Saudi Arabia confronted Trump's request for OPEC to refrain from reducing oil supplies. “Saudi economic self-interest trumps Trump,’’ Mike Rothman, president of Cornerstone Analytics Ltd., said to BruDirect.

For its part, Russia promised to reduce its production by 228,000 bpd, although its cuts would be gradual and take several months. Iraq, the OPEC's second largest producer, pledged to reduce 140,000 bpd.

Iran, Libya and Venezuela received exemptions, which means that these countries will not have to reduce their oil production. A reduction in global production will support Iran because oil prices would rise in the short run, amid Washington's attempts to stifle the economy of OPEC's third largest producer.

"President Trump will not be pleased to see today's headlines, but his reaction's intensity will depend mainly on whether oil prices rise sharply in the coming days," Bob McNally, president of Rapidan Energy Group, said.

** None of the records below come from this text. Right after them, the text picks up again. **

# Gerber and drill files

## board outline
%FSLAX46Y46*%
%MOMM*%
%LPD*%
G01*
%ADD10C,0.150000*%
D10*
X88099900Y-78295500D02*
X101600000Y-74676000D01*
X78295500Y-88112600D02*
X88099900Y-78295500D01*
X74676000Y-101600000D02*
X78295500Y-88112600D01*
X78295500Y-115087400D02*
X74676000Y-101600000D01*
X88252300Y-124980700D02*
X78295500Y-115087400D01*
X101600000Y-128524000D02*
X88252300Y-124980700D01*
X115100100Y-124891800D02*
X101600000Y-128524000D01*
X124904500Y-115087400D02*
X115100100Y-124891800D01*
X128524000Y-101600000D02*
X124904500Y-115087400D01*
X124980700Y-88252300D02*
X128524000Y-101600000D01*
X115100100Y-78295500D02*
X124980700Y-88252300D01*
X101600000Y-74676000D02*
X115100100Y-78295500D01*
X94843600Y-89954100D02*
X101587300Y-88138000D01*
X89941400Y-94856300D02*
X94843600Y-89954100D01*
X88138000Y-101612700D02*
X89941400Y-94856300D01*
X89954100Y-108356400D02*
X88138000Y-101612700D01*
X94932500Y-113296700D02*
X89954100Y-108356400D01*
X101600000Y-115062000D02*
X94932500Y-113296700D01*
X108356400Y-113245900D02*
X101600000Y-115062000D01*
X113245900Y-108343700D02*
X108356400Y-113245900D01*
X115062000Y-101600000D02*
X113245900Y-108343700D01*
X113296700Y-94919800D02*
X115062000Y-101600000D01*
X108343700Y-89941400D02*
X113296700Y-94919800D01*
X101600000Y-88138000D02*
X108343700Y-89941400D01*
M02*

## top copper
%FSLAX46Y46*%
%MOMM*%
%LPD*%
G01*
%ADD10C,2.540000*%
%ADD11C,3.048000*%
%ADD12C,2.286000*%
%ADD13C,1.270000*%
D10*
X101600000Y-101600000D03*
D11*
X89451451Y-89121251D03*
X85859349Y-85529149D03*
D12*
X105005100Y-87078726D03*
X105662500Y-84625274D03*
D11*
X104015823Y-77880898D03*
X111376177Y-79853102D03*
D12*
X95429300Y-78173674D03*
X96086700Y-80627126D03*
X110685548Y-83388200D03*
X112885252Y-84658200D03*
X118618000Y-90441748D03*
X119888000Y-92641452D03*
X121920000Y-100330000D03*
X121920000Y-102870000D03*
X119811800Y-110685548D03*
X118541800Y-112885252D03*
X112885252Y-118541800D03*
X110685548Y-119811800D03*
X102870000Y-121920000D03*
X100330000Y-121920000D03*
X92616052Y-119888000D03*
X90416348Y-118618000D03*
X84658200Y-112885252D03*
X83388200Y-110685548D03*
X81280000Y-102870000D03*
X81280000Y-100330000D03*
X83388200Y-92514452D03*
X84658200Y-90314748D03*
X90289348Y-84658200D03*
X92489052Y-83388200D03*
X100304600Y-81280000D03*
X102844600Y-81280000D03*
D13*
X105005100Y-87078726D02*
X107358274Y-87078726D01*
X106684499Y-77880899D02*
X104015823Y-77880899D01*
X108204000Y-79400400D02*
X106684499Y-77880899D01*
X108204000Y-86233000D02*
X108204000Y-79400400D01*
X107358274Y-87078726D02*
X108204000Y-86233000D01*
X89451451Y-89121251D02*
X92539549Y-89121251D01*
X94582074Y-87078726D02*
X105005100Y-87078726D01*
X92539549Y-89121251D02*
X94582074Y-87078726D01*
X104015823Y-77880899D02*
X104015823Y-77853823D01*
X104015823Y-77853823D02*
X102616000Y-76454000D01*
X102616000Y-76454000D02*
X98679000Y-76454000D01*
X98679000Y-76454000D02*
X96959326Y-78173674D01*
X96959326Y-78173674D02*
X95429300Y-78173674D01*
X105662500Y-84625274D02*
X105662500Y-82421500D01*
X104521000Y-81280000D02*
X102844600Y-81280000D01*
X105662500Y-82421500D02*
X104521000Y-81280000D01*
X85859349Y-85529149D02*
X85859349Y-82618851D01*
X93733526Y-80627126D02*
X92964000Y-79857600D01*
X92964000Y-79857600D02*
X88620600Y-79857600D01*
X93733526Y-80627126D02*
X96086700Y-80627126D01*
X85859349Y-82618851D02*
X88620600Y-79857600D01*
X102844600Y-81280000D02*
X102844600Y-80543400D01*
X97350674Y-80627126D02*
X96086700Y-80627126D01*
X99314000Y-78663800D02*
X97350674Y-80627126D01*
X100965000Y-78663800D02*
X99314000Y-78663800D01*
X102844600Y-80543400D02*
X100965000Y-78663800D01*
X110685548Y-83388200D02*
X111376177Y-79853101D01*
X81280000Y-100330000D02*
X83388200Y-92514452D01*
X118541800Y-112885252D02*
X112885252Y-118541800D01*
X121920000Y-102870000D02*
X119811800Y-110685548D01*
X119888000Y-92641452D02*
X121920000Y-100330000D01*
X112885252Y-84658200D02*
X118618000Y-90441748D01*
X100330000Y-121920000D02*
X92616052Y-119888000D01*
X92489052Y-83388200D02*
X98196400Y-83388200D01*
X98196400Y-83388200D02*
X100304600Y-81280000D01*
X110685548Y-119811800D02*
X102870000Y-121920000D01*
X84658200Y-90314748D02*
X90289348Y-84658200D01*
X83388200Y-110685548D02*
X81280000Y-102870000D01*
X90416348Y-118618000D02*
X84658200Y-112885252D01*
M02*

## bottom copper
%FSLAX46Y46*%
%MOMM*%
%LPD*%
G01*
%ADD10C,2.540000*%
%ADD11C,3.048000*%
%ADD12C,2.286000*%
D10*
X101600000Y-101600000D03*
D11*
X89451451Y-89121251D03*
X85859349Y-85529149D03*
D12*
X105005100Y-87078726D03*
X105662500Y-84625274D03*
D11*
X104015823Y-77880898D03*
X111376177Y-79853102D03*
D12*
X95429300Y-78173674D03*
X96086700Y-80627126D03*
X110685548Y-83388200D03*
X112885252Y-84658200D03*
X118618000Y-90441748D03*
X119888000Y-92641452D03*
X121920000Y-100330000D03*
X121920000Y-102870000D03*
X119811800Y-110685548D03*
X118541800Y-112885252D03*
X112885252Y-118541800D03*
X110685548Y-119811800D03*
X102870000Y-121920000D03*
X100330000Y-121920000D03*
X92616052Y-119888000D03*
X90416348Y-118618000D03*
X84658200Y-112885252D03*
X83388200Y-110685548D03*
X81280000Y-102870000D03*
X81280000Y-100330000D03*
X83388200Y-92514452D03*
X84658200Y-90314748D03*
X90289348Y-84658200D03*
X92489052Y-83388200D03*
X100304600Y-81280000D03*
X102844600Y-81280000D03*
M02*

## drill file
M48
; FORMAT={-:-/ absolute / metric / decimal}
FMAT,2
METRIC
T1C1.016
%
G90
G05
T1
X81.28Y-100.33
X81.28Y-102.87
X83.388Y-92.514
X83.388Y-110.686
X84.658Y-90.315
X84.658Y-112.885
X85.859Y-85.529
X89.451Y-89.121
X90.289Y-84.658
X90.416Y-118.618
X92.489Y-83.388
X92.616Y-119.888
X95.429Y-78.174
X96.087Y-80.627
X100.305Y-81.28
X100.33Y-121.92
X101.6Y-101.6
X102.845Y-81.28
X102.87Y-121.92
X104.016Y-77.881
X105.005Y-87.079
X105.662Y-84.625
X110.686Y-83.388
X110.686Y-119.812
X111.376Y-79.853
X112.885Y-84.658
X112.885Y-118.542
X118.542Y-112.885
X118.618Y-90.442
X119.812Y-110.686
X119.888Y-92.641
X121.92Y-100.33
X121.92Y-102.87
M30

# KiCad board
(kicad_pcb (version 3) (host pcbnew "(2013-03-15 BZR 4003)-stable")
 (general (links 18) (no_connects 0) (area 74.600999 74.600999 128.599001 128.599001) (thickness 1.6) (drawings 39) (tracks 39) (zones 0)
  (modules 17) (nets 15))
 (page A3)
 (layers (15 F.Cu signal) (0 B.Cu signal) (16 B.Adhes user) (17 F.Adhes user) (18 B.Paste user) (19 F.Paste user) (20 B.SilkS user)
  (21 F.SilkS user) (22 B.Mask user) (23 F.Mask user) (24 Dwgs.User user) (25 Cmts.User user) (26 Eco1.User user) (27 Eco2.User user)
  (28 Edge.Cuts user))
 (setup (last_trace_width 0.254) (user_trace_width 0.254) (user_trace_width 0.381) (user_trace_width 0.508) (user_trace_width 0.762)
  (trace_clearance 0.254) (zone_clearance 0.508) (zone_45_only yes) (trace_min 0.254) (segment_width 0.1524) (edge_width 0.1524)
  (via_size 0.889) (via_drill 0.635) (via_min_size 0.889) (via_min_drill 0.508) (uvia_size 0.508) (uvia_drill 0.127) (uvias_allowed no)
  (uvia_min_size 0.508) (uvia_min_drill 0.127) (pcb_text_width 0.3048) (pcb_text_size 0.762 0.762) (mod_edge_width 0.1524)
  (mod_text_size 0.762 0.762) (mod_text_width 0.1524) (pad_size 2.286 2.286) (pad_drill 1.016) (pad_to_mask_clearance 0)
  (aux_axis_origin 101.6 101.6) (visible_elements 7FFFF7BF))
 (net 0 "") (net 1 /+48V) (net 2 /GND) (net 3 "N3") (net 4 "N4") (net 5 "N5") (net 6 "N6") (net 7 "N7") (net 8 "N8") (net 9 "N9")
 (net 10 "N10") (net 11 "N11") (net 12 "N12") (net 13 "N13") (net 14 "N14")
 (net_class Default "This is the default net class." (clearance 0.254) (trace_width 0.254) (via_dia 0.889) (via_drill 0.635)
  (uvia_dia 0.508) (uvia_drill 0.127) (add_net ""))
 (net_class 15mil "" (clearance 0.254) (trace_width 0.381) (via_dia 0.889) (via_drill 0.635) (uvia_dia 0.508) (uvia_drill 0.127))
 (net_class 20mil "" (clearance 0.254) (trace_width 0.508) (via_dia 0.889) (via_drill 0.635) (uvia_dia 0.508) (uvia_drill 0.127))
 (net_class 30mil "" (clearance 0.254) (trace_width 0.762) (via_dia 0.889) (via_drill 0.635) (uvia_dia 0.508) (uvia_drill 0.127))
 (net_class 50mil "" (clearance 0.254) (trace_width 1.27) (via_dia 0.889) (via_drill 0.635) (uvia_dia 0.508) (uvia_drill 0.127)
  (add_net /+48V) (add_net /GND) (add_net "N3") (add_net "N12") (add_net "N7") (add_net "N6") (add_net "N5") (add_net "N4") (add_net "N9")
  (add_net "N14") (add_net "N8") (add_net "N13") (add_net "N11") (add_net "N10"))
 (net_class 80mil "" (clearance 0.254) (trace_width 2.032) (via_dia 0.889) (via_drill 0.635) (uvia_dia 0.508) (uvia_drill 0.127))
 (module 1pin (layer F.Cu) (at 101.6 101.6)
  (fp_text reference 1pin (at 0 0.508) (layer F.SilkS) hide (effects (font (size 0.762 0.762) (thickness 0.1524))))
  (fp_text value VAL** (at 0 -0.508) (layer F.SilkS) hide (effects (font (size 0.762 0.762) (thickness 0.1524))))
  (pad 1 thru_hole circle (at 0 0) (size 2.54 2.54) (drill 1.016) (layers *.Cu *.Mask F.SilkS)))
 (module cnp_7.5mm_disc (layer F.Cu) (at 87.6554 87.3252 135)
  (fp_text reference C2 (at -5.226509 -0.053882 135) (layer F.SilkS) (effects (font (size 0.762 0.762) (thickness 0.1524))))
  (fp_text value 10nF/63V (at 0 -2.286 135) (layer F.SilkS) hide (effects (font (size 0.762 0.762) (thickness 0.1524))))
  (pad 1 thru_hole circle (at -2.54 0 135) (size 3.048 3.048) (drill 1.016) (layers *.Cu *.Mask F.SilkS) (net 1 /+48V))
  (pad 2 thru_hole circle (at 2.54 0 135) (size 3.048 3.048) (drill 1.016) (layers *.Cu *.Mask F.SilkS) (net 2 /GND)))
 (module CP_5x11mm (layer F.Cu) (at 105.3338 85.852 345)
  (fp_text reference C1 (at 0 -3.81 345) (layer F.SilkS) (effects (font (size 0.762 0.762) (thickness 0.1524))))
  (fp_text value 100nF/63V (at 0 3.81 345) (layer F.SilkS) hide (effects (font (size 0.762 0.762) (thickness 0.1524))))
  (pad 1 thru_hole circle (at 0 1.27 345) (size 2.286 2.286) (drill 1.016) (layers *.Cu *.Mask F.SilkS) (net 1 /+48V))
  (pad 2 thru_hole circle (at 0 -1.27 345) (size 2.286 2.286) (drill 1.016) (layers *.Cu *.Mask F.SilkS) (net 2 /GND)))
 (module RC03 (layer F.Cu) (at 107.696 78.867 345) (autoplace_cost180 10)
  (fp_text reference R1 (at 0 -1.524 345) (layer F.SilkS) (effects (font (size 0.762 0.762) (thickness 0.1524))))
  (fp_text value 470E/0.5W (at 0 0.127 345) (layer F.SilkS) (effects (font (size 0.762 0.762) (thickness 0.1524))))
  (pad 1 thru_hole circle (at -3.81 -0.000001 345) (size 3.048 3.048) (drill 1.016) (layers *.Cu *.Mask F.SilkS) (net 1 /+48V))
  (pad 2 thru_hole circle (at 3.81 0.000001 345) (size 3.048 3.048) (drill 1.016) (layers *.Cu *.Mask F.SilkS) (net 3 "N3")))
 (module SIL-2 (layer F.Cu) (at 95.758 79.4004 285)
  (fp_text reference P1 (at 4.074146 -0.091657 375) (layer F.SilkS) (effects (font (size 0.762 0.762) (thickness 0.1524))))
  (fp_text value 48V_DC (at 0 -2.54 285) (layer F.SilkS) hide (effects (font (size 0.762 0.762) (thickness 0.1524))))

Venezuela's President Nicolas Maduro affirmed, according to Xinhua, that the agreement will stabilize oil prices.

"[The agreement] will allow the stabilization of prices at a fair level for producers, fair for consumers, fair for the economy in general," said President Maduro, commenting that the agreement has also served "to maintain the alliance strategy between OPEC countries and non-OPEC oil producing countries."